Friday, February 1, 2008

Circus Show

I have been getting a lot of phone calls because I hadn't updated my blog. The reason I hadn't updated it was because I spent all of Wednesday, Thursday and most of today in the hospital. I just got home. I am still quite dizzy, but at least I am home and I know that it is nothing serious. It seems to be only a virus that has affected my inner ear so I am constantly dizzy and I can't focus on anything. I also get really nausiaos because everything seems to be in constant movement. The reason they kept me so long is because they had thought that I might have had a stroke, so I had neurologists come and test me (turns out I can't touch my finger to my nose with my left hand) and I failed! I then had to wait all day yesterday for an MRI. Because I am so dizzy, reading is really hard for me to do, and writing is also! I have had to basically retype almost every sentence on here because the letters are not forming the way that I want them to.

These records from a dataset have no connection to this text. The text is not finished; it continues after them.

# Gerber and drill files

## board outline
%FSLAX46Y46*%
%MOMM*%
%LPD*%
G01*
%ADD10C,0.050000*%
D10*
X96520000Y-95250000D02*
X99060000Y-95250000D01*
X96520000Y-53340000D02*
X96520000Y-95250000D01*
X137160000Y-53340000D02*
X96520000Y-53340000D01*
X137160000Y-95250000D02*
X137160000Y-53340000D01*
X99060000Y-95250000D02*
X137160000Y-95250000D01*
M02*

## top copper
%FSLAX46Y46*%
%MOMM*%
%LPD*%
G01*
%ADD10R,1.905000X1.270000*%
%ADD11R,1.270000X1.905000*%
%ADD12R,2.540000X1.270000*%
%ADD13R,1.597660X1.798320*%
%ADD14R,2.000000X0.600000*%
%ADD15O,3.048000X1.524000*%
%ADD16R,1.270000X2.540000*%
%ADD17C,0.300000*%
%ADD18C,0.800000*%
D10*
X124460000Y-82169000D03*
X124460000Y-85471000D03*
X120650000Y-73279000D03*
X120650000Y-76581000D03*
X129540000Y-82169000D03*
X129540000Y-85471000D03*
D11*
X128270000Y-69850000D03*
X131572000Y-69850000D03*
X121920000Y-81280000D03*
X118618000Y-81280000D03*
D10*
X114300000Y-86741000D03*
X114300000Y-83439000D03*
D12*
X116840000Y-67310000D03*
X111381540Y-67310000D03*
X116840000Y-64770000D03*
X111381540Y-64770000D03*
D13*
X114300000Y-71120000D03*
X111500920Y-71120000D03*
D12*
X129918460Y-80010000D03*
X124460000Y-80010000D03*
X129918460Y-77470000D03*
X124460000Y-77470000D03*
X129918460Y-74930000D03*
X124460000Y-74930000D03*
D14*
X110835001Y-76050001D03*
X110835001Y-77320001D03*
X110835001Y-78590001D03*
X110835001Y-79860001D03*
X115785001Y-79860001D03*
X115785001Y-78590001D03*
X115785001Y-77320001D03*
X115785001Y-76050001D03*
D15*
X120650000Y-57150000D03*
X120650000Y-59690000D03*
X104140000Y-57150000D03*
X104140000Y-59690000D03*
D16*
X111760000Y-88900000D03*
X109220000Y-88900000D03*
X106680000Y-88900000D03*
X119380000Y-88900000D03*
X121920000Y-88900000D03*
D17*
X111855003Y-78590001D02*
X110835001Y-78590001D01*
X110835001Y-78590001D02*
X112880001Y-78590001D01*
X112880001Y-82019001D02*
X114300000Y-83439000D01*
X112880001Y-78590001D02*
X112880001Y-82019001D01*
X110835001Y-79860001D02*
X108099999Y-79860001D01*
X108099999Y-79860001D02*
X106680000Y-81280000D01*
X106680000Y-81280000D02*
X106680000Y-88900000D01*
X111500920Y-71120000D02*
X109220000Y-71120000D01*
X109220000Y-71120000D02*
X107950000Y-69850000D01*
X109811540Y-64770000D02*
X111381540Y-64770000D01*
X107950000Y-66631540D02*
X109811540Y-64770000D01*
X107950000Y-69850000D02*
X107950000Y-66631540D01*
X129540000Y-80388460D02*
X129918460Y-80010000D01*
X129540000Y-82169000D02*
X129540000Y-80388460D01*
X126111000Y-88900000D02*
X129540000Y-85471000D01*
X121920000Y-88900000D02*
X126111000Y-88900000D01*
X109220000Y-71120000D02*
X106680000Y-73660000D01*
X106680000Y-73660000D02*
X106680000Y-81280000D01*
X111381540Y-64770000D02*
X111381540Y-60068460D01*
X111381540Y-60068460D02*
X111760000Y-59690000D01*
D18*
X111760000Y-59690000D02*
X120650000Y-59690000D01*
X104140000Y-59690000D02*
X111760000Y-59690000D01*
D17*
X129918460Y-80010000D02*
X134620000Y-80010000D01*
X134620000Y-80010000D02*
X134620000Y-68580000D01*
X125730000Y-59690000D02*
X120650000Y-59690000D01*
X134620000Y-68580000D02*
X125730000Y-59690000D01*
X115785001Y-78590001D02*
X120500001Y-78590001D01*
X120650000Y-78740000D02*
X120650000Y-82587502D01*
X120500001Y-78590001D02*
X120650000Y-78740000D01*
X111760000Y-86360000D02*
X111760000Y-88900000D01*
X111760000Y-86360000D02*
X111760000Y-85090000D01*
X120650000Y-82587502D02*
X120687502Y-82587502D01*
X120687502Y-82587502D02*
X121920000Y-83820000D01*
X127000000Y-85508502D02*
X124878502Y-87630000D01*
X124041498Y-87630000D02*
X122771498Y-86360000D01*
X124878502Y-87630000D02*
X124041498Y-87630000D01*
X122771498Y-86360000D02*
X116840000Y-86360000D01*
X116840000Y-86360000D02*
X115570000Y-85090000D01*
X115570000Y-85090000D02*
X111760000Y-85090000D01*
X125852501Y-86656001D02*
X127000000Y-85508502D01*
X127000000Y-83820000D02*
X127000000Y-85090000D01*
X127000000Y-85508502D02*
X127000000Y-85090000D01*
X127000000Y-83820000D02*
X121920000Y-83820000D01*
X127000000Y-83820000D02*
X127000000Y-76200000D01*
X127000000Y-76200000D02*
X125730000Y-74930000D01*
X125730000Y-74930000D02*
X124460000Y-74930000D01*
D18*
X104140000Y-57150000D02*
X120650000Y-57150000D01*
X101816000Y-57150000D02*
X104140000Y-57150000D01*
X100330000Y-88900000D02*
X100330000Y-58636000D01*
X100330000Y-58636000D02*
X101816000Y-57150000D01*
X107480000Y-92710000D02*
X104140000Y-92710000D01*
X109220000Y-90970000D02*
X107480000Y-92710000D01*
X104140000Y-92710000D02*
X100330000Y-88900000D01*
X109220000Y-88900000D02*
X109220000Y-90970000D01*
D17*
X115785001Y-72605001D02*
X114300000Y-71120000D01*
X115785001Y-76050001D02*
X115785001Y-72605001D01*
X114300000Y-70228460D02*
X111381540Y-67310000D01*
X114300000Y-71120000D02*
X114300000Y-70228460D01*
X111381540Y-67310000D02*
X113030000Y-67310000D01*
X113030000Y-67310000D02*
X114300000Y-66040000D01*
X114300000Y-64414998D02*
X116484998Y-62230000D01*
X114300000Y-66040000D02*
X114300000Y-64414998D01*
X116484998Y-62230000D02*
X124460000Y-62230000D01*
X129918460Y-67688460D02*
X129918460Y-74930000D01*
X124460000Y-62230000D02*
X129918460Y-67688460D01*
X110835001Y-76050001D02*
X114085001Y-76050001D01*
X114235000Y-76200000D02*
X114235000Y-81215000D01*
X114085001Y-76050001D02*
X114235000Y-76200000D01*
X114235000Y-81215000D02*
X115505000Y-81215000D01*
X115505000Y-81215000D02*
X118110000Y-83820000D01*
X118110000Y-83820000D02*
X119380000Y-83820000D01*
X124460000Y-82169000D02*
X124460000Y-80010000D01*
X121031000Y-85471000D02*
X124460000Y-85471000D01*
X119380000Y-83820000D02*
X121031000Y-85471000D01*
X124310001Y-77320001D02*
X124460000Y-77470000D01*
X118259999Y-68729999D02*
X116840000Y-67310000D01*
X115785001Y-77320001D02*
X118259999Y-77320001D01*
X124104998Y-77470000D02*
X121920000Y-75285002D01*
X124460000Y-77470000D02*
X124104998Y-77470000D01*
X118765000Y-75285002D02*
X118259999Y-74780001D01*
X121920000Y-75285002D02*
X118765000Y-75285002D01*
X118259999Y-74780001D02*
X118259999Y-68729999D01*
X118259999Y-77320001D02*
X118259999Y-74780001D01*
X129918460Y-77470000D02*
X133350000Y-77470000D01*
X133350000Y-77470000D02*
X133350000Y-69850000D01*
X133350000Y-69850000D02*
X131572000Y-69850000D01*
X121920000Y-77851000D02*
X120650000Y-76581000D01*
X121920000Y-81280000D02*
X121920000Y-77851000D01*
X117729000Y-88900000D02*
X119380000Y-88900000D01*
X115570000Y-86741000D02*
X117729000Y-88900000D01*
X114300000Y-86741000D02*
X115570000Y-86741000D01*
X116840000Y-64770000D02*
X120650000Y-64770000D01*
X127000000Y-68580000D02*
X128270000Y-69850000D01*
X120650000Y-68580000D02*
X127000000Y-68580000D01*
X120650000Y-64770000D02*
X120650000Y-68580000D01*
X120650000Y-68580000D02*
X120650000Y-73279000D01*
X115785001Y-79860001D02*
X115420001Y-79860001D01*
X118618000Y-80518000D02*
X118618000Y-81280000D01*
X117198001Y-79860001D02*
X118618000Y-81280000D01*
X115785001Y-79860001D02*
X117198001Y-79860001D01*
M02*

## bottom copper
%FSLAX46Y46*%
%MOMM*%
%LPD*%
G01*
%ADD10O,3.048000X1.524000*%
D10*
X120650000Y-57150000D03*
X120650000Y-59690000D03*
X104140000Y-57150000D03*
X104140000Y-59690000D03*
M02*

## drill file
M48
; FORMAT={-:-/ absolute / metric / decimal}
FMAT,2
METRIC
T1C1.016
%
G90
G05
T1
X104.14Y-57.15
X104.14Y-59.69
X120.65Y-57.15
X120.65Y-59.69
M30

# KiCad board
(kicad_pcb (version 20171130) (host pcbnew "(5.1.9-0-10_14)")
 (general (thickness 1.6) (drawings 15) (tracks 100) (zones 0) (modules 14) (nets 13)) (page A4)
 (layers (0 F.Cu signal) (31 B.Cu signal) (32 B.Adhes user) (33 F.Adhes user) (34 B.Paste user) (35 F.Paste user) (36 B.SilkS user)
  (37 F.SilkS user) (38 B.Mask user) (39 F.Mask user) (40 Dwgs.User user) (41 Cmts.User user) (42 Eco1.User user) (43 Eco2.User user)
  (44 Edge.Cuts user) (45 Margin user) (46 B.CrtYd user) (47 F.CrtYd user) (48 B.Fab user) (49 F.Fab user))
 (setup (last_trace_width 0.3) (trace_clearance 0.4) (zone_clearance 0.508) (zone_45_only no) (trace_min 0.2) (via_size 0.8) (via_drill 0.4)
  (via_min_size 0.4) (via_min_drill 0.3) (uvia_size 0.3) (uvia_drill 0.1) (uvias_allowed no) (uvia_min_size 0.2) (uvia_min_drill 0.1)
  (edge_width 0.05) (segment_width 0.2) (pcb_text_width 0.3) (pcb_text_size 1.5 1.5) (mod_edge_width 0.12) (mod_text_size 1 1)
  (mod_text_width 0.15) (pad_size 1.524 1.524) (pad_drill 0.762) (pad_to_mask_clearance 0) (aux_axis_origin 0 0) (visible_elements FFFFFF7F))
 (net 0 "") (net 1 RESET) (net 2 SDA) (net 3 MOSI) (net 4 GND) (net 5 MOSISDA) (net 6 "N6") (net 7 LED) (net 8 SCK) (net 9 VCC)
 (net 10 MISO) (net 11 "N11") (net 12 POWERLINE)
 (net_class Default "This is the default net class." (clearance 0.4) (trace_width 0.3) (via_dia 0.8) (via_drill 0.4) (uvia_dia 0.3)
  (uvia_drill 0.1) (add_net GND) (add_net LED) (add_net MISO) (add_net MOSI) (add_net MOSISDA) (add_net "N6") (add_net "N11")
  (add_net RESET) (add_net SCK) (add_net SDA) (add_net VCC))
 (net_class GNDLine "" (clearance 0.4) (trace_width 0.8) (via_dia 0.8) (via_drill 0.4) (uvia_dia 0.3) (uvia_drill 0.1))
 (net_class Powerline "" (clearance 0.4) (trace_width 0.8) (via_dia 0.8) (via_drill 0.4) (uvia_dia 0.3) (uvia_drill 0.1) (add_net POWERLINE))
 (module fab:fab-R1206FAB (layer F.Cu) (at 124.46 83.82 90)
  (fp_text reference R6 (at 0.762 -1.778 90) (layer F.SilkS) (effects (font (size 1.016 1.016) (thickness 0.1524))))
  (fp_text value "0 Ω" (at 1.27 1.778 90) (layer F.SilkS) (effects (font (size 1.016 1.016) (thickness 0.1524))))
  (pad 2 smd rect (at 1.651 0 90) (size 1.27 1.905) (layers F.Cu F.Paste F.Mask) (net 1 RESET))
  (pad 1 smd rect (at -1.651 0 90) (size 1.27 1.905) (layers F.Cu F.Paste F.Mask) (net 1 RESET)))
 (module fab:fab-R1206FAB (layer F.Cu) (at 120.65 74.93 90)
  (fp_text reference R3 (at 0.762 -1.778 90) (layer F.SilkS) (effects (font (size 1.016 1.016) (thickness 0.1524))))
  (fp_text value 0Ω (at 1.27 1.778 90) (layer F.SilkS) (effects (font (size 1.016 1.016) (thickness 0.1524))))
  (pad 2 smd rect (at 1.651 0 90) (size 1.27 1.905) (layers F.Cu F.Paste F.Mask) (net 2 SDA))
  (pad 1 smd rect (at -1.651 0 90) (size 1.27 1.905) (layers F.Cu F.Paste F.Mask) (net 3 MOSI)))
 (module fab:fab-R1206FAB (layer F.Cu) (at 129.54 83.82 90)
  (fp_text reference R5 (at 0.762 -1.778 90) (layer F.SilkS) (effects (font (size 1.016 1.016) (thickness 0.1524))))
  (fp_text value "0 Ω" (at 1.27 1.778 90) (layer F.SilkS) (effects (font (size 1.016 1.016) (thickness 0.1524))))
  (pad 2 smd rect (at 1.651 0 90) (size 1.27 1.905) (layers F.Cu F.Paste F.Mask) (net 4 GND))
  (pad 1 smd rect (at -1.651 0 90) (size 1.27 1.905) (layers F.Cu F.Paste F.Mask) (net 4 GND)))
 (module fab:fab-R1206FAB (layer F.Cu) (at 129.921 69.85 180)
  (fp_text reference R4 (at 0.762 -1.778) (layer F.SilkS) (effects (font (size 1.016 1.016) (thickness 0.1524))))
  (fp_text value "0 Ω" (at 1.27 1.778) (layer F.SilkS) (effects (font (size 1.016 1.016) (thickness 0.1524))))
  (pad 2 smd rect (at 1.651 0 180) (size 1.27 1.905) (layers F.Cu F.Paste F.Mask) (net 2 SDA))
  (pad 1 smd rect (at -1.651 0 180) (size 1.27 1.905) (layers F.Cu F.Paste F.Mask) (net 3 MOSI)))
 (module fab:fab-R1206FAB (layer F.Cu) (at 120.269 81.28)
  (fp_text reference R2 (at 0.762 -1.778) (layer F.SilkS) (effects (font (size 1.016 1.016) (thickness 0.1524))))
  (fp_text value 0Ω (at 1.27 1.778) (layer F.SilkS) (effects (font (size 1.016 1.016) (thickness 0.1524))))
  (pad 2 smd rect (at 1.651 0) (size 1.27 1.905) (layers F.Cu F.Paste F.Mask) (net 3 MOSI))
  (pad 1 smd rect (at -1.651 0) (size 1.27 1.905) (layers F.Cu F.Paste F.Mask) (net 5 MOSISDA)))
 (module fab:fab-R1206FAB (layer F.Cu) (at 114.3 85.09 270)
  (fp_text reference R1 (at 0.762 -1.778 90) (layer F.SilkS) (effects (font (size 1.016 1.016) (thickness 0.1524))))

Anyways, I didn't have a stroke. Lee is doing great! I am still dizzy, but at home. I am an idiot who can't touch their finger to their nose. . . which has turned into quite a show for my husband. He like for me to perform my trick in front of people. I feel like a part of a circus show. . . . COME ONE! COME ALL! COME SEE MEGAN WHO CAN'T TOUCH HER FINGER TO HER NOSE!!! GREAT DISCOUNTS FOR FAMILY AND FRIENDS!!